The McConkles and even Rafe weren’t paying me enough to ignore the other cases.

Rafe called back in the afternoon. I told him I thought Grant was playing cat and mouse with me. He had to be confident that Debbie was everything she said she was before he’d give her more.

“That’s okay,” Rafe said. “It’ll give us time to be subtle about checking him out and we’ll get a better idea of what’s going on with him here.”

“What if he bails?”

“He can’t yet. Not enough money in the account for him. He’ll need a couple of million at the least to disappear.”

We left it at we’d call each other if anything happened.

I had to track Mr. Embezzler to sunny Phoenix and work with both the authorities there and the ones here. It took several trips out there for me to get enough evidence of a flashy lifestyle with no apparent means of support and enough of a stable location for the police to arrest him.

Just before the last one, I again went with Cordelia for her chemo treatment.

It hit her harder this time; she didn’t make it home before the nausea hit her. She had to make use of the plastic bag in the last few blocks from home.

I offered to delay my trip, but she insisted I go. Elly, Danny’s partner and a nurse, was off and would stay with her while I was gone.

“If I need someone to stay,” she added. “I’ve had to throw up by myself before and managed to survive it.”

I talked to her every night. Elly had stayed the first night after I was gone, but Cordelia insisted that she was fine, even going back to work the following day.

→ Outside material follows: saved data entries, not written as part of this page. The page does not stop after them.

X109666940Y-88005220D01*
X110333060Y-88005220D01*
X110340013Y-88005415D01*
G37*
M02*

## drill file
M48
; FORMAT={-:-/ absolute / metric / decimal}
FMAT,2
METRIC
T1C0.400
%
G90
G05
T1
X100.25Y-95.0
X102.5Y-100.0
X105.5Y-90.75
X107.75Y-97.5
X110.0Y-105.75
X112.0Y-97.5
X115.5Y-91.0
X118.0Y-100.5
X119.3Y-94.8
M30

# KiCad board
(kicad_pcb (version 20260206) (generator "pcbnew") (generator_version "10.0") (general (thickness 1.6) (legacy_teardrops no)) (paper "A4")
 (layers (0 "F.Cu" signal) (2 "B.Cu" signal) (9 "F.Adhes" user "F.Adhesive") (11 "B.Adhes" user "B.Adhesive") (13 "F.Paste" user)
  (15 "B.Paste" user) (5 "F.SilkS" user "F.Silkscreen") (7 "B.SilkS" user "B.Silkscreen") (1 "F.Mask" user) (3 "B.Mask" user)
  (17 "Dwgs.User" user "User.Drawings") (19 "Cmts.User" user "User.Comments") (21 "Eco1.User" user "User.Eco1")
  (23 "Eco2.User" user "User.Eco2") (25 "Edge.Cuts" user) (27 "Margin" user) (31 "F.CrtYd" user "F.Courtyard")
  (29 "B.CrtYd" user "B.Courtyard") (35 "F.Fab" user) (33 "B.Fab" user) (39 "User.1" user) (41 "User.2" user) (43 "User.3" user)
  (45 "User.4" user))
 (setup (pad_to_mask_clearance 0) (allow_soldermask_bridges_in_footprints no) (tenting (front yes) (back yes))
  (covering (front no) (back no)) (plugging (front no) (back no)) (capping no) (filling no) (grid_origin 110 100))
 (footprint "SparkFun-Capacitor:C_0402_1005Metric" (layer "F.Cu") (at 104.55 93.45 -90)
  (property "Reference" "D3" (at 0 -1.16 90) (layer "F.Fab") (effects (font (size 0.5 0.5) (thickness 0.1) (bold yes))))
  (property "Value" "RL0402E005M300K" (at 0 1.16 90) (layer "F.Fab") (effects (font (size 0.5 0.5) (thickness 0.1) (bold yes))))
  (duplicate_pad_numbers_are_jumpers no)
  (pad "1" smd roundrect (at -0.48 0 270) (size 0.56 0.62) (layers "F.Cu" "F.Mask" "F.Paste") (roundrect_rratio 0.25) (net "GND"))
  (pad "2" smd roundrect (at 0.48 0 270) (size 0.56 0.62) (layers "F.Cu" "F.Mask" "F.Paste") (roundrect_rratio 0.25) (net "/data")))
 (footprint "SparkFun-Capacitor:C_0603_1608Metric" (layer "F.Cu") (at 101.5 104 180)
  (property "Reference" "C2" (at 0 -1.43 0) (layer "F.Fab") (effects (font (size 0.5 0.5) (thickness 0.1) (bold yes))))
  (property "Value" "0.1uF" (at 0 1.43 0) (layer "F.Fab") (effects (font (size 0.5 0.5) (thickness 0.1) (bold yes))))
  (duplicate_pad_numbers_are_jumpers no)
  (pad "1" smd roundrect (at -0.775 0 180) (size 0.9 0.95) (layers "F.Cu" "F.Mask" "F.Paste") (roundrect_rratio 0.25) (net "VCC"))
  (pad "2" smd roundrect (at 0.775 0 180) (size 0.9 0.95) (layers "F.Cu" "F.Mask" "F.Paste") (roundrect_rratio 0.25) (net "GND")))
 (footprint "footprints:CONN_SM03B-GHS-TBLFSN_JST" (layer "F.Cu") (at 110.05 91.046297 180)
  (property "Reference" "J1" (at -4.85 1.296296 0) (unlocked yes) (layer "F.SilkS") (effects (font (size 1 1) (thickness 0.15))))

Phoenix is a nice place to visit, I thought, as I exited the airport to the waiting humidity, but there wasn’t enough green for me. I was too accustomed to verdant New Orleans where every and anything could and did grow.

Just as I stowed my suitcase in my truck, my phone rang.

The one I got for Debbie.

“Hi, Debbie, how are you?”

It took me a moment to place the voice. How many men would call me without identifying themselves? Torbin, but I knew his voice and he wouldn’t be calling on this phone.

Grant Walters.

“Hi, Grant, I’m fine. How are you?”

“I’ve been wondering how the sales are going? I thought I’d hear from you by now.”

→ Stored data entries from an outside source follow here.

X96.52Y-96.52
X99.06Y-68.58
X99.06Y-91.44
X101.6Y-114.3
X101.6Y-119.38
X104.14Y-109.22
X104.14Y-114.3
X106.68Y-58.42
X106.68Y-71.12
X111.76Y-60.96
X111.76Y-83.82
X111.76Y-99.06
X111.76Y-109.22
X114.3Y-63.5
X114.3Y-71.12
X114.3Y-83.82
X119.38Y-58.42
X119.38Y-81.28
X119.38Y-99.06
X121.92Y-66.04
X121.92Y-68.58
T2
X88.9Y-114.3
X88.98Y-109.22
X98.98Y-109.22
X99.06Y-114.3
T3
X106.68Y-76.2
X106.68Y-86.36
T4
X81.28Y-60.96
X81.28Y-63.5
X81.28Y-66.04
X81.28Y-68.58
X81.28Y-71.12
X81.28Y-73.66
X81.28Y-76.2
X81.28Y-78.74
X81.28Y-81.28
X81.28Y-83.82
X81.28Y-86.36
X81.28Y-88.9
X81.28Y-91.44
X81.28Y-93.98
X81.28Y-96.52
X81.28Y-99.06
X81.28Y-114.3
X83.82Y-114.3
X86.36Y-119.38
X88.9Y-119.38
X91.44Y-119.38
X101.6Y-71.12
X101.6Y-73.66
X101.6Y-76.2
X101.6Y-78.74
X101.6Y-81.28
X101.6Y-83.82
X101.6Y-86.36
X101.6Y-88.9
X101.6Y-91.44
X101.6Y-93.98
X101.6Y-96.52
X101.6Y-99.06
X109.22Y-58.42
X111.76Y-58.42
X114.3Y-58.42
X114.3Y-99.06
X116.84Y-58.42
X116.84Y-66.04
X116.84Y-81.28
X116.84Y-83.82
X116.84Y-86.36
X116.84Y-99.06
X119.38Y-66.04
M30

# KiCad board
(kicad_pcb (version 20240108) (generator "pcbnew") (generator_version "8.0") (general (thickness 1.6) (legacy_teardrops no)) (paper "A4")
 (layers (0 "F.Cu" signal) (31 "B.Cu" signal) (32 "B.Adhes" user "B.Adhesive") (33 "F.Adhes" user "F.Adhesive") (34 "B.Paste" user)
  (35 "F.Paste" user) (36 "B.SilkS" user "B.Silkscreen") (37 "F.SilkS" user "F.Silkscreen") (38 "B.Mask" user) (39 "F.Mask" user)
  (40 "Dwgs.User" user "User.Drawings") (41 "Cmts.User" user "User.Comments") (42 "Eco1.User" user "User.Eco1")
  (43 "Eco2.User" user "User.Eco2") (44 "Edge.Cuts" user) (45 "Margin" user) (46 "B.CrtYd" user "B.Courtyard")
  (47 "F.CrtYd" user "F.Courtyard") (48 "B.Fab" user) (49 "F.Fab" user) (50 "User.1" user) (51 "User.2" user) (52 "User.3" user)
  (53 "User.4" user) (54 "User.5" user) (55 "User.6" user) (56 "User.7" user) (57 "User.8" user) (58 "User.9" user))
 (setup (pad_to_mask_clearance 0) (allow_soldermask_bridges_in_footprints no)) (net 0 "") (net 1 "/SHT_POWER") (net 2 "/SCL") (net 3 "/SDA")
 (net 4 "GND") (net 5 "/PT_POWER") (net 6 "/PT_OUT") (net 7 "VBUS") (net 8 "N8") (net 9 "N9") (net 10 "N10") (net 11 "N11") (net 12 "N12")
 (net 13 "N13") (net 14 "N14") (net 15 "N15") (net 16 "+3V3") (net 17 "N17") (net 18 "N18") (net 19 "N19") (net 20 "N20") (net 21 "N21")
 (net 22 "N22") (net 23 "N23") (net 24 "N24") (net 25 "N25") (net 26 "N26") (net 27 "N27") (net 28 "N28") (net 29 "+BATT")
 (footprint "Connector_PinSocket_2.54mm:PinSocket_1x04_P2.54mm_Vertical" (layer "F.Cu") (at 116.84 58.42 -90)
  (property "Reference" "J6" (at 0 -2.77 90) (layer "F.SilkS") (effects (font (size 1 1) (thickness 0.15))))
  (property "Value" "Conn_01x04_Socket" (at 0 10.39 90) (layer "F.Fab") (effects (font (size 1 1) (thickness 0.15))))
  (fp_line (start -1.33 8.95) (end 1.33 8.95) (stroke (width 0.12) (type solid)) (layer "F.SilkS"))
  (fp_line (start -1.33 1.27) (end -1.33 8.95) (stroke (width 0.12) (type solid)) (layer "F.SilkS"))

Damn, I’d gotten so busy with travel—and Cordelia—that I had neglected my budding career as a saleswoman for NBG. “I’m doing quite well. I meant to get in touch with you a few days ago, but…” But what? “But my sister hasn’t been doing well and I had to go with her to the doctor.”

“I was calling about that as well. I’d love to see you—and now you’re selling well, I did want to follow up with that.”

“I’m so scared for her,” I said, letting real emotion into my voice for false purposes.